### Task requirements
Using the records below, write out again exactly the lines that begin at the line containing "X125603000Y-117094000D02*" and end at the line containing "X136015500Y-103981600D01*", and no other lines.

### Data for this task
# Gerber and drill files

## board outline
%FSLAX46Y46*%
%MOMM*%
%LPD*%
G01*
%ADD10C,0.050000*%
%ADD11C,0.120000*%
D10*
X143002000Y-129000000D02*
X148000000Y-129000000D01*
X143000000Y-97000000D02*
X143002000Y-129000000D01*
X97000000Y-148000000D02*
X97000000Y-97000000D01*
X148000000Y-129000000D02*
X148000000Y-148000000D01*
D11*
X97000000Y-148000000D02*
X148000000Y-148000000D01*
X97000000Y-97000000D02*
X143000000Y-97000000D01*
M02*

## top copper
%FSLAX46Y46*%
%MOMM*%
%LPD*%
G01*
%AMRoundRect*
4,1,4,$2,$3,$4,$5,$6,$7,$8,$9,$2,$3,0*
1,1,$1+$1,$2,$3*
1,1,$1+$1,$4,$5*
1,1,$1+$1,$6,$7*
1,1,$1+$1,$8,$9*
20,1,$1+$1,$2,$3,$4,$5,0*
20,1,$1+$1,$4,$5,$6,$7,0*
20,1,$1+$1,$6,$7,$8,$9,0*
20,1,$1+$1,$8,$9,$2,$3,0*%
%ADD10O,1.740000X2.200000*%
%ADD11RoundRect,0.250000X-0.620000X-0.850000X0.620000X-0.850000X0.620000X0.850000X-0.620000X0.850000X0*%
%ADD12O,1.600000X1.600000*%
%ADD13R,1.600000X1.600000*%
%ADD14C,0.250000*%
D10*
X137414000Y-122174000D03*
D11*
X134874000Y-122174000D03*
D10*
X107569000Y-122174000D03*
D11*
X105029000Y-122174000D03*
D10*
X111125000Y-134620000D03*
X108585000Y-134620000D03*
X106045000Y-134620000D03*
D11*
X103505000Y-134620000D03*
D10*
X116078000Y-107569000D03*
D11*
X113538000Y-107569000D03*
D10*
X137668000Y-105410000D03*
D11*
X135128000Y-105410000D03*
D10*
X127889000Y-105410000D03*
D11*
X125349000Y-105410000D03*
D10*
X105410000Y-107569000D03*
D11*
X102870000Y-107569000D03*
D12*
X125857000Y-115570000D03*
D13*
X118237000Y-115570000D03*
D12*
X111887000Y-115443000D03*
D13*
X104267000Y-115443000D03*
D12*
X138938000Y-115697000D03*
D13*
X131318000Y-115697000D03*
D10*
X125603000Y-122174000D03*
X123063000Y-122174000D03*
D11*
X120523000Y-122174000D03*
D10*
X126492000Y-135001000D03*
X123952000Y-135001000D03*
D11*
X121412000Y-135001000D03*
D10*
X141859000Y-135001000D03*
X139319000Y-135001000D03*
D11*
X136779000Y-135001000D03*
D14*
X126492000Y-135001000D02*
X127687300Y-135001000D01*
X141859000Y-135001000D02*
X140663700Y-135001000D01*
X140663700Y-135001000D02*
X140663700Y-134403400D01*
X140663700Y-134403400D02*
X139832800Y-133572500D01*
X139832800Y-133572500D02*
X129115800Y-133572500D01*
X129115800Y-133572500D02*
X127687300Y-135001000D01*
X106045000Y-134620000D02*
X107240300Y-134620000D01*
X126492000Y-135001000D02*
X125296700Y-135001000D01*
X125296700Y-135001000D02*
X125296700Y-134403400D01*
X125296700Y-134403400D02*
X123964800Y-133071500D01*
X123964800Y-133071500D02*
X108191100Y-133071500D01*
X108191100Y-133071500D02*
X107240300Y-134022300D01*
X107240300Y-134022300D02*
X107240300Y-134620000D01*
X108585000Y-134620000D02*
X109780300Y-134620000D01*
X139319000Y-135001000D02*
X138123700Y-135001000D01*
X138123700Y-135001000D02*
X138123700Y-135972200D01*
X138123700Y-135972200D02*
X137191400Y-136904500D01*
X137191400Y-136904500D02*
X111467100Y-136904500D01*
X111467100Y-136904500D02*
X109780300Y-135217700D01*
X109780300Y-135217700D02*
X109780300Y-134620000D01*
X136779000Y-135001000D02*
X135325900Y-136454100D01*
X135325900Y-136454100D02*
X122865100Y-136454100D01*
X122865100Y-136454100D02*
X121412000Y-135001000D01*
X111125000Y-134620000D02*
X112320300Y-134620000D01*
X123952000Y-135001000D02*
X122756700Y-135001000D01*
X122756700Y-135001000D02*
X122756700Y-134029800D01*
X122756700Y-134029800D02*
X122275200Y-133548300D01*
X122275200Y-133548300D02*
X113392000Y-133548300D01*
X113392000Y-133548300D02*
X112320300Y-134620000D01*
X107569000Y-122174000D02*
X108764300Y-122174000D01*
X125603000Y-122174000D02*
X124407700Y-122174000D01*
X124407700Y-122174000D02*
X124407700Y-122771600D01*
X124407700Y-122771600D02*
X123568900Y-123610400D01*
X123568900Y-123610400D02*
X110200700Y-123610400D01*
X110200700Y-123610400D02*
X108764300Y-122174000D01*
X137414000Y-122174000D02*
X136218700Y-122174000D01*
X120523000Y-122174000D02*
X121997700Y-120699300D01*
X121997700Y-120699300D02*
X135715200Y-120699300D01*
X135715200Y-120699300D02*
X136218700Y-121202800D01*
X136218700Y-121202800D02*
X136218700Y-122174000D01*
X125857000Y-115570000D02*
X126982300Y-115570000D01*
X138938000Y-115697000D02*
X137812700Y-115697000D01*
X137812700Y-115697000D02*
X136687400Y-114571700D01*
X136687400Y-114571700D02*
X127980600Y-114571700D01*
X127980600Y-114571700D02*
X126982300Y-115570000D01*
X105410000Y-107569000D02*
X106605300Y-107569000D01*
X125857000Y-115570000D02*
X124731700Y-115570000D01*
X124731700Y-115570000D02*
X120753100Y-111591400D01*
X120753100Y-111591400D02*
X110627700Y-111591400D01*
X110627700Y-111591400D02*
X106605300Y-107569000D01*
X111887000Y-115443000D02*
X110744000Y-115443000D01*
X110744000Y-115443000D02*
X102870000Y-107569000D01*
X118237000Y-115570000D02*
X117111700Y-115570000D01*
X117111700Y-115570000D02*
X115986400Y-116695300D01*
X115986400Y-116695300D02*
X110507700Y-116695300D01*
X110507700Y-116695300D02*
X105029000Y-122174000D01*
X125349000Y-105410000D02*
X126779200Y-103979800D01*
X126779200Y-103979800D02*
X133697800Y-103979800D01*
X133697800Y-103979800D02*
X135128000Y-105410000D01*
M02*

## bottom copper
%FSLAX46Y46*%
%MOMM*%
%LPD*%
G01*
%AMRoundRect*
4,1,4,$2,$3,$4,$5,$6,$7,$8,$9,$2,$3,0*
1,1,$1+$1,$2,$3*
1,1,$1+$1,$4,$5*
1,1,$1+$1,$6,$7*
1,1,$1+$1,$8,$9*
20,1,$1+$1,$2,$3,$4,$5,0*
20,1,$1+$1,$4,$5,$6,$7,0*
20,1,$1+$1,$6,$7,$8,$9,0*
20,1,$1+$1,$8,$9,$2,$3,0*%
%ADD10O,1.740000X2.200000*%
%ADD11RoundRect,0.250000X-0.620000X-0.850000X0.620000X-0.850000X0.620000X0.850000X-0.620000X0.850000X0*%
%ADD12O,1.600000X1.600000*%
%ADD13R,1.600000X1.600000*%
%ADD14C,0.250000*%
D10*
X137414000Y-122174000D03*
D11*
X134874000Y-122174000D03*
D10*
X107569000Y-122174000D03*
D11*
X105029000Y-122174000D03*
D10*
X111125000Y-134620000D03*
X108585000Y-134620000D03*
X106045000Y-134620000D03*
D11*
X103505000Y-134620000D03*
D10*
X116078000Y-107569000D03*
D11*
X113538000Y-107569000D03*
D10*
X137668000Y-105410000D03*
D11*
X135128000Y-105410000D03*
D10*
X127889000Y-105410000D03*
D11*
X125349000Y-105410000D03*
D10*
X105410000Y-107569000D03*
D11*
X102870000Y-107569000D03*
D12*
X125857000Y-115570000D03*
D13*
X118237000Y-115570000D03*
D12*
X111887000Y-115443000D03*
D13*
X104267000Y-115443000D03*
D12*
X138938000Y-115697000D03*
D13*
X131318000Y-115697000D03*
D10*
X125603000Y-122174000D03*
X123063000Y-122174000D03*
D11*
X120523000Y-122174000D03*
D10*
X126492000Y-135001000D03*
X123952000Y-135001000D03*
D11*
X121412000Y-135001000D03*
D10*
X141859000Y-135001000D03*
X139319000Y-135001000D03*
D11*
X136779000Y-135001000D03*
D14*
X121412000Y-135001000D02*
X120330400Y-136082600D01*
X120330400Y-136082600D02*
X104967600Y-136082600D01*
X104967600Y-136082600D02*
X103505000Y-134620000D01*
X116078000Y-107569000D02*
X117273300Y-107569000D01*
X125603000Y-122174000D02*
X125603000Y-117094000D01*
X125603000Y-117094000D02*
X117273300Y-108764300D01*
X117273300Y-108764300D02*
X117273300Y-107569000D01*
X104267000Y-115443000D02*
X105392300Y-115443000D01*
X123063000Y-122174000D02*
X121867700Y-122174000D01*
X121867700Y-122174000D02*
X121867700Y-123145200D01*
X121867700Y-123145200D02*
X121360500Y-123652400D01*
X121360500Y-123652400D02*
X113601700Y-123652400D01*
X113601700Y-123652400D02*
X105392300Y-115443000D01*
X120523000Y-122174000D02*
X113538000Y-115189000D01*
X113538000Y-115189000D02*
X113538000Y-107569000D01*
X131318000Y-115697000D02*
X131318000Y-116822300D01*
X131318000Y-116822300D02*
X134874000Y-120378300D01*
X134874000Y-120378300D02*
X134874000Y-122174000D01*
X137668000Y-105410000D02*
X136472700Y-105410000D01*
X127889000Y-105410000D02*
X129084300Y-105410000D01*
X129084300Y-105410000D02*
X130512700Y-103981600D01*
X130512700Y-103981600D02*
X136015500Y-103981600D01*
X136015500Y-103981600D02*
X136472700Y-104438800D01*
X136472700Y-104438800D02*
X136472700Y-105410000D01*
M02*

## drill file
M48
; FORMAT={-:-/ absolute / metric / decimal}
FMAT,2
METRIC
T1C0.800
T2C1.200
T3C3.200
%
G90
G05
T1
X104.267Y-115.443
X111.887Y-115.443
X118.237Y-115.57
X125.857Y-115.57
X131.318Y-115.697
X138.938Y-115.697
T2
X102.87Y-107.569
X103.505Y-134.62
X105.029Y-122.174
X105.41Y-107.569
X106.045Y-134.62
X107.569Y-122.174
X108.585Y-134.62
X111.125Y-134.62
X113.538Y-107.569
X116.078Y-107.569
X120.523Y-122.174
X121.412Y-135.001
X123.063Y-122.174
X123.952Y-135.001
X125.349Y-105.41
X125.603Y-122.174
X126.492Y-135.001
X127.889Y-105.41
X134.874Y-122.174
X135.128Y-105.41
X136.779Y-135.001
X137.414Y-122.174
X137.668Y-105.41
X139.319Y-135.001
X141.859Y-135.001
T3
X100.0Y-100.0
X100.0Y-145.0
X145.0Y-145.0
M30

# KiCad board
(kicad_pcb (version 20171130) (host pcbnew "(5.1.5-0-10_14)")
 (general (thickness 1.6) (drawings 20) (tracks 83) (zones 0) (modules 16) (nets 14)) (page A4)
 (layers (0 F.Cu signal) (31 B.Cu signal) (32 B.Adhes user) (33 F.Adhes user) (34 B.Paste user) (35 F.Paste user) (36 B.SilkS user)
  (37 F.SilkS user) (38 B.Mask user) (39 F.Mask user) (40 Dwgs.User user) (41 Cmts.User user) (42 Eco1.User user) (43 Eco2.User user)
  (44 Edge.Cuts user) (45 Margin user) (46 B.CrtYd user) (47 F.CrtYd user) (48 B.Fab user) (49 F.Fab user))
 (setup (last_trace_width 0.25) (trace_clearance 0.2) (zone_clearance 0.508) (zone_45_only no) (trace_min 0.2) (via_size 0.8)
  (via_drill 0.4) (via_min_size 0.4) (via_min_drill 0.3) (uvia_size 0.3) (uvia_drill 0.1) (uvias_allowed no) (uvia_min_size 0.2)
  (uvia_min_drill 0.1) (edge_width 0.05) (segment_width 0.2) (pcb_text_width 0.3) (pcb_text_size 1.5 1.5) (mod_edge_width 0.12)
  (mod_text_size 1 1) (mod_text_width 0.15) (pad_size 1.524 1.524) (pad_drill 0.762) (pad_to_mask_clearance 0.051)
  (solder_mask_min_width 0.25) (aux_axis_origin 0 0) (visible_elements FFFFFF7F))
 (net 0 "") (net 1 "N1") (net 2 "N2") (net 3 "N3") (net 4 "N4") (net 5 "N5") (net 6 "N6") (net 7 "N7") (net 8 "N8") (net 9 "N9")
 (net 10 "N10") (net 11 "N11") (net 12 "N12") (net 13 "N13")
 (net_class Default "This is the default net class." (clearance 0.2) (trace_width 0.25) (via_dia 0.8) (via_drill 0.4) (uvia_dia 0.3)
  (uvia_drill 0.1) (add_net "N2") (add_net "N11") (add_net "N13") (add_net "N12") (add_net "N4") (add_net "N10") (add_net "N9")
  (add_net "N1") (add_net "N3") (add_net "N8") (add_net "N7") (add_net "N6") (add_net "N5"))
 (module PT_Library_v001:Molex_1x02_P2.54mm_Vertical (layer F.Cu) (at 134.874 122.174)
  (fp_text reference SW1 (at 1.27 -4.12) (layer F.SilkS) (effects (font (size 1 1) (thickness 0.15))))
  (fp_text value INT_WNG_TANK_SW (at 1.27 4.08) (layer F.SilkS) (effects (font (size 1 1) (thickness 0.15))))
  (pad 2 thru_hole oval (at 2.54 0) (size 1.74 2.2) (drill 1.2) (layers *.Cu *.Mask) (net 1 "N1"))
  (pad 1 thru_hole roundrect (at 0 0) (size 1.74 2.2) (drill 1.2) (layers *.Cu *.Mask) (roundrect_rratio 0.143678) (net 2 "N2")))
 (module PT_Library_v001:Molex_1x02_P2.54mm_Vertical (layer F.Cu) (at 105.029 122.174)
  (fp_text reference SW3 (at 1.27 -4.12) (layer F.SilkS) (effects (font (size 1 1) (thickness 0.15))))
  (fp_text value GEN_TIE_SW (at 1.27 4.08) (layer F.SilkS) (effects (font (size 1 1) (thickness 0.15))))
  (pad 2 thru_hole oval (at 2.54 0) (size 1.74 2.2) (drill 1.2) (layers *.Cu *.Mask) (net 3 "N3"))
  (pad 1 thru_hole roundrect (at 0 0) (size 1.74 2.2) (drill 1.2) (layers *.Cu *.Mask) (roundrect_rratio 0.143678) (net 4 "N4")))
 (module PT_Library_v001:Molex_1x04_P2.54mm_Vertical (layer F.Cu) (at 103.505 134.62)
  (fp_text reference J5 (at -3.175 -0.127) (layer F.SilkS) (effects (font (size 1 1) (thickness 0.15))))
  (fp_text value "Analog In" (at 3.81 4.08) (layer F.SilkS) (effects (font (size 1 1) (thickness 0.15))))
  (pad 4 thru_hole oval (at 7.62 0) (size 1.74 2.2) (drill 1.2) (layers *.Cu *.Mask) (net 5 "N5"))
  (pad 3 thru_hole oval (at 5.08 0) (size 1.74 2.2) (drill 1.2) (layers *.Cu *.Mask) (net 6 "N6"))
  (pad 2 thru_hole oval (at 2.54 0) (size 1.74 2.2) (drill 1.2) (layers *.Cu *.Mask) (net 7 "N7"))
  (pad 1 thru_hole roundrect (at 0 0) (size 1.74 2.2) (drill 1.2) (layers *.Cu *.Mask) (roundrect_rratio 0.143678) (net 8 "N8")))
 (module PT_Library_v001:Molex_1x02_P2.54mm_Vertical (layer F.Cu) (at 113.538 107.569)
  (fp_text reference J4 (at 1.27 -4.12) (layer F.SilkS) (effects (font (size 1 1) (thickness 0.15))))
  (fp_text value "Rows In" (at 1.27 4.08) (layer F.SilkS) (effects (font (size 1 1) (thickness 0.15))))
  (pad 2 thru_hole oval (at 2.54 0) (size 1.74 2.2) (drill 1.2) (layers *.Cu *.Mask) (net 3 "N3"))
  (pad 1 thru_hole roundrect (at 0 0) (size 1.74 2.2) (drill 1.2) (layers *.Cu *.Mask) (roundrect_rratio 0.143678) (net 1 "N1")))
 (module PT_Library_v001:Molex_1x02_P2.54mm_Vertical (layer F.Cu) (at 135.128 105.41)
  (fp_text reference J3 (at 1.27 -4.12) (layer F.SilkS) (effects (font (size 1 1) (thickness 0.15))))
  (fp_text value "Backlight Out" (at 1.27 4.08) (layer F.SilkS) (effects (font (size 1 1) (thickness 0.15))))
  (pad 2 thru_hole oval (at 2.54 0) (size 1.74 2.2) (drill 1.2) (layers *.Cu *.Mask) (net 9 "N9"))
  (pad 1 thru_hole roundrect (at 0 0) (size 1.74 2.2) (drill 1.2) (layers *.Cu *.Mask) (roundrect_rratio 0.143678) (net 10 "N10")))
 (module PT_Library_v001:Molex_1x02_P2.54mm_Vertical (layer F.Cu) (at 125.349 105.41)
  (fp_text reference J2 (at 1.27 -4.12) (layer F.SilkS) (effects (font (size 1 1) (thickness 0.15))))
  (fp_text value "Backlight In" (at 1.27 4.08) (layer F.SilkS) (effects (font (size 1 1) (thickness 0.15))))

### Exercise output
X125603000Y-117094000D02*
X117273300Y-108764300D01*
X117273300Y-108764300D02*
X117273300Y-107569000D01*
X104267000Y-115443000D02*
X105392300Y-115443000D01*
X123063000Y-122174000D02*
X121867700Y-122174000D01*
X121867700Y-122174000D02*
X121867700Y-123145200D01*
X121867700Y-123145200D02*
X121360500Y-123652400D01*
X121360500Y-123652400D02*
X113601700Y-123652400D01*
X113601700Y-123652400D02*
X105392300Y-115443000D01*
X120523000Y-122174000D02*
X113538000Y-115189000D01*
X113538000Y-115189000D02*
X113538000Y-107569000D01*
X131318000Y-115697000D02*
X131318000Y-116822300D01*
X131318000Y-116822300D02*
X134874000Y-120378300D01*
X134874000Y-120378300D02*
X134874000Y-122174000D01*
X137668000Y-105410000D02*
X136472700Y-105410000D01*
X127889000Y-105410000D02*
X129084300Y-105410000D01*
X129084300Y-105410000D02*
X130512700Y-103981600D01*
X130512700Y-103981600D02*
X136015500Y-103981600D01*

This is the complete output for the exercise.